Problem to work on:
Please return every line below that contains the string "SilkS".

(Stored data entries)

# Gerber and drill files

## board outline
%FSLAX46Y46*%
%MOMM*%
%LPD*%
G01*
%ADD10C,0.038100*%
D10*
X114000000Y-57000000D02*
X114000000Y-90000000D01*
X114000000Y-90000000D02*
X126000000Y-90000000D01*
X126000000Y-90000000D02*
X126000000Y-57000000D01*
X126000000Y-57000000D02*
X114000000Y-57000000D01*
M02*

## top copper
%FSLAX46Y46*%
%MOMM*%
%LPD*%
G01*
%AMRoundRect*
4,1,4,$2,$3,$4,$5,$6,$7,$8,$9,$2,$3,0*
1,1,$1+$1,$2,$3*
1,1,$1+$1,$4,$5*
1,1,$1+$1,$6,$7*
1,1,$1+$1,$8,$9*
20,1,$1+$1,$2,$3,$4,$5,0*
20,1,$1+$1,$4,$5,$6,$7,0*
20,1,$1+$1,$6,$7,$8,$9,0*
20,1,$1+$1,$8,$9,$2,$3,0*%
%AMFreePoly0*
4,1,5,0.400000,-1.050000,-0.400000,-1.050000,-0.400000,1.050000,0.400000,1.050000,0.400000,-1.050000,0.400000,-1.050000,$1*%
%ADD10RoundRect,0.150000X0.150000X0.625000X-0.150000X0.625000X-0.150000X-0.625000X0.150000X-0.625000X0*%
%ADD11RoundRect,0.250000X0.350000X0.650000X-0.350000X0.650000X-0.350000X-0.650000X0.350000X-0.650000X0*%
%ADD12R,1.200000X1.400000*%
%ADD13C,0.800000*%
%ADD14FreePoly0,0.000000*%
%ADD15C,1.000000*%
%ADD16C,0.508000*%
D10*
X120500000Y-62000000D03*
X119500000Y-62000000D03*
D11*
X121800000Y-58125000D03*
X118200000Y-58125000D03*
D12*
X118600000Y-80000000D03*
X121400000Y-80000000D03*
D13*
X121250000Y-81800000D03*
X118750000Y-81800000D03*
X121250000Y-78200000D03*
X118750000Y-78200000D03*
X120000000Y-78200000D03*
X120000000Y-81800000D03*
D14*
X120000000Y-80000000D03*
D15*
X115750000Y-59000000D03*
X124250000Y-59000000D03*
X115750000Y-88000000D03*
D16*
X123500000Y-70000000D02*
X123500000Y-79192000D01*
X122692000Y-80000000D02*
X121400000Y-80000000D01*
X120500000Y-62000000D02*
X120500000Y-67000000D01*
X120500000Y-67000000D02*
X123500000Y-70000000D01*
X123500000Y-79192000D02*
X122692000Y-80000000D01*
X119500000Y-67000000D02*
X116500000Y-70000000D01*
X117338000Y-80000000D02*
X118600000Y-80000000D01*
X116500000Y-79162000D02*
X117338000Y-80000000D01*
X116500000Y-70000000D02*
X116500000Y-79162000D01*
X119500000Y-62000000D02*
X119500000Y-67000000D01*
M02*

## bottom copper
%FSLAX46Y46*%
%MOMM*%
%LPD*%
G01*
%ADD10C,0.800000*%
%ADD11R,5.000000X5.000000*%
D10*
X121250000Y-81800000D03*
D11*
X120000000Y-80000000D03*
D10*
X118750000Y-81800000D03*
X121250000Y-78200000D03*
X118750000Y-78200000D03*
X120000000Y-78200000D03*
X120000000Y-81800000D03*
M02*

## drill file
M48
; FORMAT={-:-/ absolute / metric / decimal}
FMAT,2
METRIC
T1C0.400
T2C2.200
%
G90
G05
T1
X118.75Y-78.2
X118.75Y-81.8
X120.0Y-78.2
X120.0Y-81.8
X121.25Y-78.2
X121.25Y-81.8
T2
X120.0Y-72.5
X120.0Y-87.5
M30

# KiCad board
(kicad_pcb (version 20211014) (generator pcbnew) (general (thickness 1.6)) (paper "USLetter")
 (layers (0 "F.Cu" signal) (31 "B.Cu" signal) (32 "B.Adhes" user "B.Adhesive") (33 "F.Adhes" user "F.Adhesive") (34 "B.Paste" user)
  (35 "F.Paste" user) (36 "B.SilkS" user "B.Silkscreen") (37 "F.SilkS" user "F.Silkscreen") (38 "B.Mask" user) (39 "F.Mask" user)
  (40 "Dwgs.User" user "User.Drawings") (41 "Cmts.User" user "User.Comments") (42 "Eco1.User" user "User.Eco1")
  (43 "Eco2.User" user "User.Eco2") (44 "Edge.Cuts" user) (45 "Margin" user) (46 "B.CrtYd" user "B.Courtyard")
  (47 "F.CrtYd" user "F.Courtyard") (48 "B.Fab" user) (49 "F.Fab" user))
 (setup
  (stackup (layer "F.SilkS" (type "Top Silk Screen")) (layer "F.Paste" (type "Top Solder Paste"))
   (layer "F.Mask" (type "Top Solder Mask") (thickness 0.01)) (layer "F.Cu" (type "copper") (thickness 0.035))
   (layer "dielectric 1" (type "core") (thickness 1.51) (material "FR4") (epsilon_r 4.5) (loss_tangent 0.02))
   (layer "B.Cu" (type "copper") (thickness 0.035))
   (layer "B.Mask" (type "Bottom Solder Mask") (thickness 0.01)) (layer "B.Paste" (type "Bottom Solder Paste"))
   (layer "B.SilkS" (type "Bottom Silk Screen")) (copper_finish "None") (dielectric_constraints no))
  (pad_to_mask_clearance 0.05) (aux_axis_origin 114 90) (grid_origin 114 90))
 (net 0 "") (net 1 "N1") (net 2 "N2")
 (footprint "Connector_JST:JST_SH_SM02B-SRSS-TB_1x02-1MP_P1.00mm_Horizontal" (layer "F.Cu") (at 120 60 180)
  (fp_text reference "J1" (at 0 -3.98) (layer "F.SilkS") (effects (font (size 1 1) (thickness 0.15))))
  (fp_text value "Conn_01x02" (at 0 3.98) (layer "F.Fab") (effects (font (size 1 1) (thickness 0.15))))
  (pad "1" smd roundrect locked (at -0.5 -2 180) (size 0.6 1.55) (layers "F.Cu" "F.Paste" "F.Mask") (roundrect_rratio 0.25) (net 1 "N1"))
  (pad "2" smd roundrect locked (at 0.5 -2 180) (size 0.6 1.55) (layers "F.Cu" "F.Paste" "F.Mask") (roundrect_rratio 0.25) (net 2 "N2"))
  (pad "MP" smd roundrect locked (at -1.8 1.875 180) (size 1.2 1.8) (layers "F.Cu" "F.Paste" "F.Mask") (roundrect_rratio 0.2083333333))
  (pad "MP" smd roundrect locked (at 1.8 1.875 180) (size 1.2 1.8) (layers "F.Cu" "F.Paste" "F.Mask") (roundrect_rratio 0.2083333333)))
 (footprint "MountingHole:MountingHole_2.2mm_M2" (layer "F.Cu") (at 120 87.5)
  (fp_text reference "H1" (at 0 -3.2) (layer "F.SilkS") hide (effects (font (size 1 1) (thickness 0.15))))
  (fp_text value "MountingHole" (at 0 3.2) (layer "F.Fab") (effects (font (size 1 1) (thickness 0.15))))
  (pad "" np_thru_hole circle locked (at 0 0) (size 2.2 2.2) (drill 2.2) (layers *.Cu *.Mask)))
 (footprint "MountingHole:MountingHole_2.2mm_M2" (layer "F.Cu") (at 120 72.5)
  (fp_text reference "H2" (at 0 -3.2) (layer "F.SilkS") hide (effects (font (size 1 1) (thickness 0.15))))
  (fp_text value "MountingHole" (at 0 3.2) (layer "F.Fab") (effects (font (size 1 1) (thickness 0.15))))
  (pad "" np_thru_hole circle locked (at 0 0) (size 2.2 2.2) (drill 2.2) (layers *.Cu *.Mask)))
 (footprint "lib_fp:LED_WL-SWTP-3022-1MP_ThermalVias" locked (layer "F.Cu") (at 120 80)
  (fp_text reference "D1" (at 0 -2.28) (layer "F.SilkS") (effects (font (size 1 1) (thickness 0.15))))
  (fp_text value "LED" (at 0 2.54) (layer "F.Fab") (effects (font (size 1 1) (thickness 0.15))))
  (pad "" smd custom locked (at 0 0) (size 0.7 2) (layers "F.Paste") (zone_connect 0) (options (clearance outline) (anchor rect))
   (primitives))
  (pad "" smd custom locked (at 0 0) (size 0.8 2.1) (layers "F.Mask") (zone_connect 0) (options (clearance outline) (anchor rect))
   (primitives))
  (pad "1" smd rect locked (at -1.4 0) (size 1.2 1.4) (layers "F.Cu" "F.Paste" "F.Mask") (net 2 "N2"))
  (pad "2" smd rect locked (at 1.4 0) (size 1.2 1.4) (layers "F.Cu" "F.Paste" "F.Mask") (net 1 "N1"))
  (pad "MP" thru_hole circle locked (at 1.25 1.8) (size 0.8 0.8) (drill 0.4) (layers *.Cu))
  (pad "MP" smd rect locked (at 0 0) (size 5 5) (layers "B.Cu"))
  (pad "MP" thru_hole circle locked (at -1.25 1.8) (size 0.8 0.8) (drill 0.4) (layers *.Cu))
  (pad "MP" thru_hole circle locked (at 1.25 -1.8) (size 0.8 0.8) (drill 0.4) (layers *.Cu))
  (pad "MP" thru_hole circle locked (at -1.25 -1.8) (size 0.8 0.8) (drill 0.4) (layers *.Cu))
  (pad "MP" thru_hole circle locked (at 0 -1.8) (size 0.8 0.8) (drill 0.4) (layers *.Cu))
  (pad "MP" thru_hole circle locked (at 0 1.8) (size 0.8 0.8) (drill 0.4) (layers *.Cu))
  (pad "MP" smd custom locked (at 0 0) (size 0.8 2.1) (layers "F.Cu") (zone_connect 0) (options (clearance outline) (anchor rect))
   (primitives)))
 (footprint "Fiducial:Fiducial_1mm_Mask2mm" (layer "F.Cu") (at 115.75 59 90)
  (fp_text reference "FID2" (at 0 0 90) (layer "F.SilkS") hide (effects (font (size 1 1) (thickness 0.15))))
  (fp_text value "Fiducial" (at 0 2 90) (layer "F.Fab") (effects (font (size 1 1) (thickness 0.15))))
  (pad "" smd circle locked (at 0 0 90) (size 1 1) (layers "F.Cu" "F.Mask") (solder_mask_margin 0.5) (clearance 0.5)))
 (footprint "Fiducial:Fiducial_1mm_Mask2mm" (layer "F.Cu") (at 124.25 59 90)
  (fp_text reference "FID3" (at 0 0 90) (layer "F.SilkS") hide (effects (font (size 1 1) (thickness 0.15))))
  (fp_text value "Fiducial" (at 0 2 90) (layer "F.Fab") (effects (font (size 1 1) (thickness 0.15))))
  (pad "" smd circle locked (at 0 0 90) (size 1 1) (layers "F.Cu" "F.Mask") (solder_mask_margin 0.5) (clearance 0.5)))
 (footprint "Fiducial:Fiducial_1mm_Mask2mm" (layer "F.Cu") (at 115.75 88 90)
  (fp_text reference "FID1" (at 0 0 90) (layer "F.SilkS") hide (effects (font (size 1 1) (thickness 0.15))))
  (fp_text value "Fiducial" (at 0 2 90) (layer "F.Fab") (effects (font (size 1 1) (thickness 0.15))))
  (pad "" smd circle locked (at 0 0 90) (size 1 1) (layers "F.Cu" "F.Mask") (solder_mask_margin 0.5) (clearance 0.5)))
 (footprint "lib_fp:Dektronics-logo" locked (layer "B.Cu") (at 124.079 80.899 -90)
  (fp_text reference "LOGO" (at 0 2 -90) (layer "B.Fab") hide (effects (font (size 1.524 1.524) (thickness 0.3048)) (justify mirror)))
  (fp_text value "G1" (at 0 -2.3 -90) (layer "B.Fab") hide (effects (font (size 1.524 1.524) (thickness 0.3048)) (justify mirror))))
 (gr_line (start 114 57) (end 114 90) (layer "Edge.Cuts") (width 0.0381))
 (gr_line (start 114 90) (end 126 90) (layer "Edge.Cuts") (width 0.0381))
 (gr_line (start 126 90) (end 126 57) (layer "Edge.Cuts") (width 0.0381))
 (gr_line (start 126 57) (end 114 57) (layer "Edge.Cuts") (width 0.0381))
 (segment (start 123.5 70) (end 123.5 79.192) (width 0.508) (layer "F.Cu") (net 1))
 (segment (start 122.692 80) (end 121.4 80) (width 0.508) (layer "F.Cu") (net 1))
 (segment (start 120.5 62) (end 120.5 67) (width 0.508) (layer "F.Cu") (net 1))
 (segment (start 120.5 67) (end 123.5 70) (width 0.508) (layer "F.Cu") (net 1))
 (segment (start 123.5 79.192) (end 122.692 80) (width 0.508) (layer "F.Cu") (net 1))
 (segment (start 119.5 67) (end 116.5 70) (width 0.508) (layer "F.Cu") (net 2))
 (segment (start 117.338 80) (end 118.6 80) (width 0.508) (layer "F.Cu") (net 2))
 (segment (start 116.5 79.162) (end 117.338 80) (width 0.508) (layer "F.Cu") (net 2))
 (segment (start 116.5 70) (end 116.5 79.162) (width 0.508) (layer "F.Cu") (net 2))
 (segment (start 119.5 62) (end 119.5 67) (width 0.508) (layer "F.Cu") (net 2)))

Task output:
  (35 "F.Paste" user) (36 "B.SilkS" user "B.Silkscreen") (37 "F.SilkS" user "F.Silkscreen") (38 "B.Mask" user) (39 "F.Mask" user)
  (stackup (layer "F.SilkS" (type "Top Silk Screen")) (layer "F.Paste" (type "Top Solder Paste"))
   (layer "B.SilkS" (type "Bottom Silk Screen")) (copper_finish "None") (dielectric_constraints no))
  (fp_text reference "J1" (at 0 -3.98) (layer "F.SilkS") (effects (font (size 1 1) (thickness 0.15))))
  (fp_text reference "H1" (at 0 -3.2) (layer "F.SilkS") hide (effects (font (size 1 1) (thickness 0.15))))
  (fp_text reference "H2" (at 0 -3.2) (layer "F.SilkS") hide (effects (font (size 1 1) (thickness 0.15))))
  (fp_text reference "D1" (at 0 -2.28) (layer "F.SilkS") (effects (font (size 1 1) (thickness 0.15))))
  (fp_text reference "FID2" (at 0 0 90) (layer "F.SilkS") hide (effects (font (size 1 1) (thickness 0.15))))
  (fp_text reference "FID3" (at 0 0 90) (layer "F.SilkS") hide (effects (font (size 1 1) (thickness 0.15))))
  (fp_text reference "FID1" (at 0 0 90) (layer "F.SilkS") hide (effects (font (size 1 1) (thickness 0.15))))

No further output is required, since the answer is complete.